EXERCISE DIRECTIONS: Give again the entries below exactly, beginning at the first line and ending at the line with "X29024819Y-13999999D01*".

MATERIALS PROVIDED:

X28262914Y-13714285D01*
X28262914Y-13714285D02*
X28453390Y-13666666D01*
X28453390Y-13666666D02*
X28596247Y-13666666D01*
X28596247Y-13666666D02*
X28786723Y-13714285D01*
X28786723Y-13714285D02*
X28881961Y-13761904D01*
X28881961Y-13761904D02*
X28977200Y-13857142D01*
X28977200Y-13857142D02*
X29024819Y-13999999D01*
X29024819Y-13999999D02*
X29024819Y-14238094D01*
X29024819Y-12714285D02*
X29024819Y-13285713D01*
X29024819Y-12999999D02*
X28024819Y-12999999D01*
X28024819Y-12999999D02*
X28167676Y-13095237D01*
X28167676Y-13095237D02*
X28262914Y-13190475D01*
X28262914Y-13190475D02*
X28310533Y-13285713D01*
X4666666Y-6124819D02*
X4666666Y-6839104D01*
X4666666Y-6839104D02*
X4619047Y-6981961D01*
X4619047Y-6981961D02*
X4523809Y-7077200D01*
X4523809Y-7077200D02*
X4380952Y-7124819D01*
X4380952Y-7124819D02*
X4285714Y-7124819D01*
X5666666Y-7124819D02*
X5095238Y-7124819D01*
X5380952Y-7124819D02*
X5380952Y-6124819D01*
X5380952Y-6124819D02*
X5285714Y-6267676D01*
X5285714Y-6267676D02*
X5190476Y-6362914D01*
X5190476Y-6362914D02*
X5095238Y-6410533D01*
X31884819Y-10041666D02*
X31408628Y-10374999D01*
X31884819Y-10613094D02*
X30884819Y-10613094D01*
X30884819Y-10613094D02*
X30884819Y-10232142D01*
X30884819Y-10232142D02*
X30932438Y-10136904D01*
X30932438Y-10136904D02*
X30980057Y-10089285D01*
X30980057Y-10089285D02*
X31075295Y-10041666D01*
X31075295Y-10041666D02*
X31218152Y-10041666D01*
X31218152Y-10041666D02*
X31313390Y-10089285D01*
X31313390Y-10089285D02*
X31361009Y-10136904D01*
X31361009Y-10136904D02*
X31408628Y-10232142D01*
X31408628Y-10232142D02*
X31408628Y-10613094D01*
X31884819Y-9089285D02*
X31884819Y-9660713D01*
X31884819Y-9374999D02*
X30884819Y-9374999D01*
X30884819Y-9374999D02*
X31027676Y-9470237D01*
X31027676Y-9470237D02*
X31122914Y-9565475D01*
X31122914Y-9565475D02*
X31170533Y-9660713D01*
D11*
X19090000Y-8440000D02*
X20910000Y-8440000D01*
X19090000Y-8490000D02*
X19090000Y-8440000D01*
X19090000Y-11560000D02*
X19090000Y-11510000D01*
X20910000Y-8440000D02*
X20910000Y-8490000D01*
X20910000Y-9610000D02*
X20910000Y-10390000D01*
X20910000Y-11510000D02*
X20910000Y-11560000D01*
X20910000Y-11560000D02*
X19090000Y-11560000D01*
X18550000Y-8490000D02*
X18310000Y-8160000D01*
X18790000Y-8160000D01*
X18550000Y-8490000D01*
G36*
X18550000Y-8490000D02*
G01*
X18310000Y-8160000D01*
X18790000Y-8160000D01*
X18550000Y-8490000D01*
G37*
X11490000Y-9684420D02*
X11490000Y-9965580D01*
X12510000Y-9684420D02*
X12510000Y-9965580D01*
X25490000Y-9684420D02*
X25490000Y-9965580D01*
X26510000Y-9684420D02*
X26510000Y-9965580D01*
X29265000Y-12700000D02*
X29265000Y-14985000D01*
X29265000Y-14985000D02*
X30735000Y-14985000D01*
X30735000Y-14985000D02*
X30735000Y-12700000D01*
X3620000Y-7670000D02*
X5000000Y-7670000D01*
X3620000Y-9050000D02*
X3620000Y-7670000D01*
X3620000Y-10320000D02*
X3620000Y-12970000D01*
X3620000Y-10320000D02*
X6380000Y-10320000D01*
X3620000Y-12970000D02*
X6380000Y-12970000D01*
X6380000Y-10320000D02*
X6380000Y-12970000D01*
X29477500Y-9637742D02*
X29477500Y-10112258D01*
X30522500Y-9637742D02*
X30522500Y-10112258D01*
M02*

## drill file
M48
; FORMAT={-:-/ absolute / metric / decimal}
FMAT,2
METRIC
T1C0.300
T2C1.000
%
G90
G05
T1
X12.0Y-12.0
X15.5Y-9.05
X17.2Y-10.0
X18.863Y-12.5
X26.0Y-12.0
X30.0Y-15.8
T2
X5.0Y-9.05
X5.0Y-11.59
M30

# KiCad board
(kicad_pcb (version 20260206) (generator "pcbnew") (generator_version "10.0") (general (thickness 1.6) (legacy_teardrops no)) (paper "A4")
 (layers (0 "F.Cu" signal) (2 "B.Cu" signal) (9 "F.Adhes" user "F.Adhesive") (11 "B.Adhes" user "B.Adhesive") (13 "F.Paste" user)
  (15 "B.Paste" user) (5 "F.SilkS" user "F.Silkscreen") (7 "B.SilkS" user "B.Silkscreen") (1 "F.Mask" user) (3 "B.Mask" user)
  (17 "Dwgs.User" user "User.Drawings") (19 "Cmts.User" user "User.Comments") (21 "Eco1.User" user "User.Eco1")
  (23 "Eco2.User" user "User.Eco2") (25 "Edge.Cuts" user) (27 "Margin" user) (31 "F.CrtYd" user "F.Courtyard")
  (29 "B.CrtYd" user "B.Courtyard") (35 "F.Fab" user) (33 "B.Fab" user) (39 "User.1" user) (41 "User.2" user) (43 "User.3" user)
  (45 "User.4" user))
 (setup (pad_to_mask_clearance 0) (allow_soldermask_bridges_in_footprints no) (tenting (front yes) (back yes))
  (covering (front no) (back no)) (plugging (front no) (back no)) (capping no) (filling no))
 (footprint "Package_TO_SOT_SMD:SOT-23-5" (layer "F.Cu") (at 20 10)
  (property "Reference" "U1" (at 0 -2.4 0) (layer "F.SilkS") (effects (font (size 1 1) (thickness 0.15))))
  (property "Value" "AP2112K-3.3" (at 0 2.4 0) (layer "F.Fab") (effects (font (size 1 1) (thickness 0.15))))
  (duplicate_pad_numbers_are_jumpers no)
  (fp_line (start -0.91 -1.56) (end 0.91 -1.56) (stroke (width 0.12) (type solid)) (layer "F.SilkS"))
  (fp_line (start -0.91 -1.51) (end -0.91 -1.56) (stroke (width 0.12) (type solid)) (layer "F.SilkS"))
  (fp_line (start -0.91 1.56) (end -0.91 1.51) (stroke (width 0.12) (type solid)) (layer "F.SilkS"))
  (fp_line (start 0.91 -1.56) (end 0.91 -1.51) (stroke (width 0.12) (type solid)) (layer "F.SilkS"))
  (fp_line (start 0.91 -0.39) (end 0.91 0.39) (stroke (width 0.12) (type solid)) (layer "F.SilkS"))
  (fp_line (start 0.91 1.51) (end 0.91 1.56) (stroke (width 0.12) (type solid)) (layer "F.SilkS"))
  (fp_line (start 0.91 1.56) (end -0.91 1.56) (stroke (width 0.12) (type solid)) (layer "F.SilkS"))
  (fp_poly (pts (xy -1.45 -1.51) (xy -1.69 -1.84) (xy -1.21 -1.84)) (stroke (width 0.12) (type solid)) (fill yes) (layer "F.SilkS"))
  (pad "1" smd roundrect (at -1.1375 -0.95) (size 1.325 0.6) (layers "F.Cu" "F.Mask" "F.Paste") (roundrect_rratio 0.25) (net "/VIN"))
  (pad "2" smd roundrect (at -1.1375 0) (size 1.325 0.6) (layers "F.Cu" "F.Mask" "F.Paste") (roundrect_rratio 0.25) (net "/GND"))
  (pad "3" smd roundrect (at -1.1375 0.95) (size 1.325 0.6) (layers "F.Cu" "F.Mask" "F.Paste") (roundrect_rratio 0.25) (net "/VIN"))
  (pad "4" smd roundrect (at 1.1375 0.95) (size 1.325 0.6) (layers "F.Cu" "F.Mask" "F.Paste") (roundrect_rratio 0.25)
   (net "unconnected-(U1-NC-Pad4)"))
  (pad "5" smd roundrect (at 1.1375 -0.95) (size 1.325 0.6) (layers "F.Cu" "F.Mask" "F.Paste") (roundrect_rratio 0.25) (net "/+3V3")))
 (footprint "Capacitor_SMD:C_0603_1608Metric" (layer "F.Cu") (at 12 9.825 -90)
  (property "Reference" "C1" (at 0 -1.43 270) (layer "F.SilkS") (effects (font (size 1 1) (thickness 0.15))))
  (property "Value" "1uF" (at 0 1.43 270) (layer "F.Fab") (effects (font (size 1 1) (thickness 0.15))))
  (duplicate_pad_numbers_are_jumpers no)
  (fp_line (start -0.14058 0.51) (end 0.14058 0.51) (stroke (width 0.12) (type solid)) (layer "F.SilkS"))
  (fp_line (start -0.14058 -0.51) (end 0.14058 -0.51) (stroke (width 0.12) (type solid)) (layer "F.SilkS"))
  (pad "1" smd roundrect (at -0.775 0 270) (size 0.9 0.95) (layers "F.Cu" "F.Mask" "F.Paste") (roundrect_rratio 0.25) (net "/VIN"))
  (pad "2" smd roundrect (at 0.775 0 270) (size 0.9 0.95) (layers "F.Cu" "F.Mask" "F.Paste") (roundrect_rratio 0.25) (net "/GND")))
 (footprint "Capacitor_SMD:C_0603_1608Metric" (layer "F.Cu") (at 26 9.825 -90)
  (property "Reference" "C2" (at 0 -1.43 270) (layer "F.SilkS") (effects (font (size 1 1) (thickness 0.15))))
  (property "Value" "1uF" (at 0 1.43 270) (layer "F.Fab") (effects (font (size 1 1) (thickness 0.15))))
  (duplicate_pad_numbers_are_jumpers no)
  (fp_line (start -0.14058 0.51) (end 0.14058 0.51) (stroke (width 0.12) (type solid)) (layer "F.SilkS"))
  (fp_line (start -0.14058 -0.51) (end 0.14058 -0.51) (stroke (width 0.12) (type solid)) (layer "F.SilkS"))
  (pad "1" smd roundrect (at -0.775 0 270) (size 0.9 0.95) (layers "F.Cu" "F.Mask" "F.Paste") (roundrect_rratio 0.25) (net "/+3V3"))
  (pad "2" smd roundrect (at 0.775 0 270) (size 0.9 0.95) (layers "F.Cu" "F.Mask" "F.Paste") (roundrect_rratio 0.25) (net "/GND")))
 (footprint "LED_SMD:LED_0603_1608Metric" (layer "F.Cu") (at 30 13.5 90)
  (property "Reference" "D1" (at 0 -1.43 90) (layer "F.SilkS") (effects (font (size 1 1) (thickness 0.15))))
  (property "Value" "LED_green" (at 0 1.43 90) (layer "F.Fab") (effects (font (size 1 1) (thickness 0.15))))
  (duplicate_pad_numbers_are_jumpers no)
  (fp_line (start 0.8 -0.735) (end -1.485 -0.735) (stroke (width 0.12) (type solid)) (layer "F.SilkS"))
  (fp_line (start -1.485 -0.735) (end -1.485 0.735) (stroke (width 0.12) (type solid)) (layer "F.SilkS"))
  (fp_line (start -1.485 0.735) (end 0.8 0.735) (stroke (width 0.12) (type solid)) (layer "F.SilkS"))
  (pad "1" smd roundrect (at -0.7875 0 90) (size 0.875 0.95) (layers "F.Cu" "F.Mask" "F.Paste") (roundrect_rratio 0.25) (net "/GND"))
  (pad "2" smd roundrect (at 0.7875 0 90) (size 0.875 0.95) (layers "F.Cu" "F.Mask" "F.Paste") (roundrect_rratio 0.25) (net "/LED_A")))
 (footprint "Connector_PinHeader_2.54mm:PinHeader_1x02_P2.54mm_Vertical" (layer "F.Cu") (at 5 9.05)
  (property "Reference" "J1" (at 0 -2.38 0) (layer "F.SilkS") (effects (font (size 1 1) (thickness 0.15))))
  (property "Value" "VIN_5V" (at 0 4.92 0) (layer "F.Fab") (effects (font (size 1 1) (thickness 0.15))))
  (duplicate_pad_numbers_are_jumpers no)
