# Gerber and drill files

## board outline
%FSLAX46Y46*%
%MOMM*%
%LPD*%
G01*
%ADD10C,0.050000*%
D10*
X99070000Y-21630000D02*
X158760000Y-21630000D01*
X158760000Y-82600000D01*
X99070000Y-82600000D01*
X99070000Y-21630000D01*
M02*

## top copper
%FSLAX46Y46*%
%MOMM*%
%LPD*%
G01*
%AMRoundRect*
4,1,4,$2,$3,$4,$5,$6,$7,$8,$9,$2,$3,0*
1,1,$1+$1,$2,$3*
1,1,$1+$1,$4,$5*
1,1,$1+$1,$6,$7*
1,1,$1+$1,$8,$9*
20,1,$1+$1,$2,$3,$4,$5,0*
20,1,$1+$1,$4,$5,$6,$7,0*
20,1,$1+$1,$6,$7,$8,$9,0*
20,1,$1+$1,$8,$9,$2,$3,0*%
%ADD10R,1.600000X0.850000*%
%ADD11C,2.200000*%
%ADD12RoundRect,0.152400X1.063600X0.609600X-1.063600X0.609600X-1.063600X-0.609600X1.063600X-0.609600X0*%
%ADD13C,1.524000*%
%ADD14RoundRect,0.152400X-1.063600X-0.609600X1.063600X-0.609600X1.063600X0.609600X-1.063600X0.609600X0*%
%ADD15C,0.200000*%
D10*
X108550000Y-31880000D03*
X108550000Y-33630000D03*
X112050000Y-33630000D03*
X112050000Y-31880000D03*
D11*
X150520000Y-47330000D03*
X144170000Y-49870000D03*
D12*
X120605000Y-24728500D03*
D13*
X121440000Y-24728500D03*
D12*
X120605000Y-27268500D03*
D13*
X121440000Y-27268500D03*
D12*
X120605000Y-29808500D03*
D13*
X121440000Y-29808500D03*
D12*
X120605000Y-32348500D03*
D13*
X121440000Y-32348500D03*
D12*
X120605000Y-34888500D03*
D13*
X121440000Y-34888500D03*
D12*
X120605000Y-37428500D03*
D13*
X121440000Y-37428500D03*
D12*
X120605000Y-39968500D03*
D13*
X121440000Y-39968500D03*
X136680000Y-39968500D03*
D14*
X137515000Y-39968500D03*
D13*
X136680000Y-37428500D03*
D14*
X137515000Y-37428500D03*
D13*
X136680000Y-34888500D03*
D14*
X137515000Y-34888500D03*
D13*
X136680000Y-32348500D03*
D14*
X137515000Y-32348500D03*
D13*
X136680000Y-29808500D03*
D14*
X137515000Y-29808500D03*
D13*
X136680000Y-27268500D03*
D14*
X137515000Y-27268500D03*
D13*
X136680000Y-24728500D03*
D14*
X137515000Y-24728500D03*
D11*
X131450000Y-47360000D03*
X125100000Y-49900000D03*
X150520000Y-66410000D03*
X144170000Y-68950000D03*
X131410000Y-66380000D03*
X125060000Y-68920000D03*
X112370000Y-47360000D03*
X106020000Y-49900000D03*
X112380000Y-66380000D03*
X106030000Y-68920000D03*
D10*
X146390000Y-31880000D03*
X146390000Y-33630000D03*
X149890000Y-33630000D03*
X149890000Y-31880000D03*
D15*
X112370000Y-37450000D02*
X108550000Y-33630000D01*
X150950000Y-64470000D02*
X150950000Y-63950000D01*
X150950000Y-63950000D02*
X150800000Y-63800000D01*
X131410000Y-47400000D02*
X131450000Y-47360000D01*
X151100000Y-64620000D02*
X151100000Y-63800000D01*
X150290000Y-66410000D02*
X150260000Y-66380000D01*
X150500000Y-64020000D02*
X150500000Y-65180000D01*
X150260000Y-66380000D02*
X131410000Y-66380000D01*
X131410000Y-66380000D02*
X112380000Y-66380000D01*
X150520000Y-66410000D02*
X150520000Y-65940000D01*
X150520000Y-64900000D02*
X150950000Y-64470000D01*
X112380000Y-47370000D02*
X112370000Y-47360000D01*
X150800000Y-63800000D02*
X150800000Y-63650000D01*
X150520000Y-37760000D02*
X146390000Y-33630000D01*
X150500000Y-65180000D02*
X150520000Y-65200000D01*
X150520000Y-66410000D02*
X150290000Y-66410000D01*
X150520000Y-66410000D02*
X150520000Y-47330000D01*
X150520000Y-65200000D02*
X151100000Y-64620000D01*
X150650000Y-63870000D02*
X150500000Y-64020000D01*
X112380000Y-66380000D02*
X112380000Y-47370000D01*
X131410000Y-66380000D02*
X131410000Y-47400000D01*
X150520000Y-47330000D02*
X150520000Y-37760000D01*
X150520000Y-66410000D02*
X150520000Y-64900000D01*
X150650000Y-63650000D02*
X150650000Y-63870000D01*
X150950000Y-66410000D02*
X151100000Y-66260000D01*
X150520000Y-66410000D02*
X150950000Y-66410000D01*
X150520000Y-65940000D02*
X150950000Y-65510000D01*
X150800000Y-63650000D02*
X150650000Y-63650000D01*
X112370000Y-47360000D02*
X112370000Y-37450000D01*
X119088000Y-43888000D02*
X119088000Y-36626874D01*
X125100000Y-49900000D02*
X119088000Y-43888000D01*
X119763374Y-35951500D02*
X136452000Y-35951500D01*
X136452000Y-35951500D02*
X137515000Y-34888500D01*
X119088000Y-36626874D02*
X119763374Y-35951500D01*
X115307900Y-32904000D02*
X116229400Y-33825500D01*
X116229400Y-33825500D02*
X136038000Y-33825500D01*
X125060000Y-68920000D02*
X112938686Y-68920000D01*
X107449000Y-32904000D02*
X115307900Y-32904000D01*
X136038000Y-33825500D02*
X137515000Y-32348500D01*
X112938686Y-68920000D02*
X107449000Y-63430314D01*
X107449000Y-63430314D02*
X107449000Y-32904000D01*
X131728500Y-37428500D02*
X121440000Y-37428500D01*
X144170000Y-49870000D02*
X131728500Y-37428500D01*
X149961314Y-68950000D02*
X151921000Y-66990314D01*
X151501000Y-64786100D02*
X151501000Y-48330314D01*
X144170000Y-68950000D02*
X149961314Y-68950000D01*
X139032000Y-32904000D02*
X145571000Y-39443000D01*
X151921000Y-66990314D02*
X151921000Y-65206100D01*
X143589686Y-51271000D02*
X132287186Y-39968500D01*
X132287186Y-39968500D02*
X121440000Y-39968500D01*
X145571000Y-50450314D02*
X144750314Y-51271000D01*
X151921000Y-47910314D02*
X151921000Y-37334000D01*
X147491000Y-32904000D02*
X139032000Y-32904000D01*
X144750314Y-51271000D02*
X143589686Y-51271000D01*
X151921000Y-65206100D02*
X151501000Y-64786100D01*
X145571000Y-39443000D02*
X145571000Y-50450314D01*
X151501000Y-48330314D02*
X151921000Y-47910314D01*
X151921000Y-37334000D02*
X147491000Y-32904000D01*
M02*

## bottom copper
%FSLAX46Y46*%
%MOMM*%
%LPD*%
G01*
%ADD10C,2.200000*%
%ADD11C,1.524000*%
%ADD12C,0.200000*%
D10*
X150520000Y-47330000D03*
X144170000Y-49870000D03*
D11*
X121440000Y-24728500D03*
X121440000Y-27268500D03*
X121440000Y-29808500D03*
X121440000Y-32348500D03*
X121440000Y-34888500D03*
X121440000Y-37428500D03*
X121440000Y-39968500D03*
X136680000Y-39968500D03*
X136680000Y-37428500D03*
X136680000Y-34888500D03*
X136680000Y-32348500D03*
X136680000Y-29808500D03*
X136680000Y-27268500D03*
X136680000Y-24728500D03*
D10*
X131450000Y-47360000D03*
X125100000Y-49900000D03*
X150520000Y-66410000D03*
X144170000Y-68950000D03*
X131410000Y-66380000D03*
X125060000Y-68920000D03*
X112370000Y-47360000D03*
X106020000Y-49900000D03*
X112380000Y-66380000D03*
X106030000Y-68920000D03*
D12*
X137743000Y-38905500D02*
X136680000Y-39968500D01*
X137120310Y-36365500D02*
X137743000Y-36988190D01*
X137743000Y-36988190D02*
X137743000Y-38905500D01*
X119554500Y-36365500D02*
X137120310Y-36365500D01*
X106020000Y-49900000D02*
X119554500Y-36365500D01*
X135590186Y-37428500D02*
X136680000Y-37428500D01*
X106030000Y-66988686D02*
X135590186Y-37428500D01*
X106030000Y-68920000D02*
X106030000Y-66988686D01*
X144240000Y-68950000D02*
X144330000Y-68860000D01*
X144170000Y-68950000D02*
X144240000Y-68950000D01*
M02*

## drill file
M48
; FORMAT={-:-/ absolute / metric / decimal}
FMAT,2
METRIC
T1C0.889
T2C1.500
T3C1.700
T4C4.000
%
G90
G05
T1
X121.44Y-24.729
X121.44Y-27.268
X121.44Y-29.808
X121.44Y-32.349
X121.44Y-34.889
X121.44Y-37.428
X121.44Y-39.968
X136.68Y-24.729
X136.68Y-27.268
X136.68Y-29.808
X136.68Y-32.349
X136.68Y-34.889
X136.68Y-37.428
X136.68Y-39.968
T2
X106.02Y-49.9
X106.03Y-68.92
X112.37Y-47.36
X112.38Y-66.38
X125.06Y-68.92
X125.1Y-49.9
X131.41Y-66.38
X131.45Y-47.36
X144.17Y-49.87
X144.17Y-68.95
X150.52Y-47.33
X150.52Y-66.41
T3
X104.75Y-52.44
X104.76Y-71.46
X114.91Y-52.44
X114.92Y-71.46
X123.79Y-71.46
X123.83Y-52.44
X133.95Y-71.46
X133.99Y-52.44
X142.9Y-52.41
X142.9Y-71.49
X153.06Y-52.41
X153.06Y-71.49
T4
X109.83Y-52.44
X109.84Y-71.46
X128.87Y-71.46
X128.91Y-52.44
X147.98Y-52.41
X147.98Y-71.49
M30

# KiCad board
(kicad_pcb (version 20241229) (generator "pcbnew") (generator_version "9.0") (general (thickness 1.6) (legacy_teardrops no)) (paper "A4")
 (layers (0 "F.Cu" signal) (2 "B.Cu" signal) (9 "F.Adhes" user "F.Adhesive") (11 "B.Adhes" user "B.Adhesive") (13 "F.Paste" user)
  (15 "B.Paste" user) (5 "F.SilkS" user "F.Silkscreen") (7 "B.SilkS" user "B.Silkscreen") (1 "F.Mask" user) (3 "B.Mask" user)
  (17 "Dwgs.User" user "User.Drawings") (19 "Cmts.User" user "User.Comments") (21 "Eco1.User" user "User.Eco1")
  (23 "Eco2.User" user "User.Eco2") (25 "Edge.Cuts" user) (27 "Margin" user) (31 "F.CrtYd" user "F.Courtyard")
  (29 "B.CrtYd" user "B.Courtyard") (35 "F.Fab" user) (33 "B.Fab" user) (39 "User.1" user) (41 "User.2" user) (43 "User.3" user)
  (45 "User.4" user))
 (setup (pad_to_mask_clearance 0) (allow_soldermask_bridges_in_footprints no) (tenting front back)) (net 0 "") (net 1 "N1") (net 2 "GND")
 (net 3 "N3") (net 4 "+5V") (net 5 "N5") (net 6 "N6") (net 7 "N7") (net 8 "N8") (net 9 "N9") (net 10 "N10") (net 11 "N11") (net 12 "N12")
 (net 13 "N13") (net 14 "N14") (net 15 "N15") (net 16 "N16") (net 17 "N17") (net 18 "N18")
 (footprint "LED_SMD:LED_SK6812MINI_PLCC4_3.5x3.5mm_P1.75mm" (layer "F.Cu") (at 110.3 32.755)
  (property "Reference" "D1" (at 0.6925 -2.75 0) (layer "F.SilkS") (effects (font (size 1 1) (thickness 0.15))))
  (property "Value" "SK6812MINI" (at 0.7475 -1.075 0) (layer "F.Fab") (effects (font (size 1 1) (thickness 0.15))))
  (pad "1" smd rect (at -1.75 -0.875) (size 1.6 0.85) (layers "F.Cu" "F.Mask" "F.Paste") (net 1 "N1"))
  (pad "2" smd rect (at -1.75 0.875) (size 1.6 0.85) (layers "F.Cu" "F.Mask" "F.Paste") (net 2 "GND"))
  (pad "3" smd rect (at 1.75 0.875) (size 1.6 0.85) (layers "F.Cu" "F.Mask" "F.Paste") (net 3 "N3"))
  (pad "4" smd rect (at 1.75 -0.875) (size 1.6 0.85) (layers "F.Cu" "F.Mask" "F.Paste") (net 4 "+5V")))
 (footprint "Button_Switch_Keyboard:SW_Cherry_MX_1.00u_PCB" (layer "F.Cu") (at 150.52 47.33)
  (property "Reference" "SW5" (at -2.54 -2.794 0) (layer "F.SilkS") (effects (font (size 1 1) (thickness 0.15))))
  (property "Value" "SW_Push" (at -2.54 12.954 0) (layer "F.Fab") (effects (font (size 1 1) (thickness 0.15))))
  (pad "" np_thru_hole circle (at -7.62 5.08) (size 1.7 1.7) (drill 1.7) (layers "*.Cu" "*.Mask"))
  (pad "" np_thru_hole circle (at -2.54 5.08) (size 4 4) (drill 4) (layers "*.Cu" "*.Mask"))
  (pad "" np_thru_hole circle (at 2.54 5.08) (size 1.7 1.7) (drill 1.7) (layers "*.Cu" "*.Mask"))
  (pad "1" thru_hole circle (at 0 0) (size 2.2 2.2) (drill 1.5) (layers "*.Cu" "*.Mask") (remove_unused_layers no) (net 2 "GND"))
  (pad "2" thru_hole circle (at -6.35 2.54) (size 2.2 2.2) (drill 1.5) (layers "*.Cu" "*.Mask") (remove_unused_layers no) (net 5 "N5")))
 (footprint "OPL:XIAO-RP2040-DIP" (layer "F.Cu") (at 129.06 32.3485)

SOLVED EXERCISE:
X28262914Y-13714285D01*
X28262914Y-13714285D02*
X28453390Y-13666666D01*
X28453390Y-13666666D02*
X28596247Y-13666666D01*
X28596247Y-13666666D02*
X28786723Y-13714285D01*
X28786723Y-13714285D02*
X28881961Y-13761904D01*
X28881961Y-13761904D02*
X28977200Y-13857142D01*
X28977200Y-13857142D02*
X29024819Y-13999999D01*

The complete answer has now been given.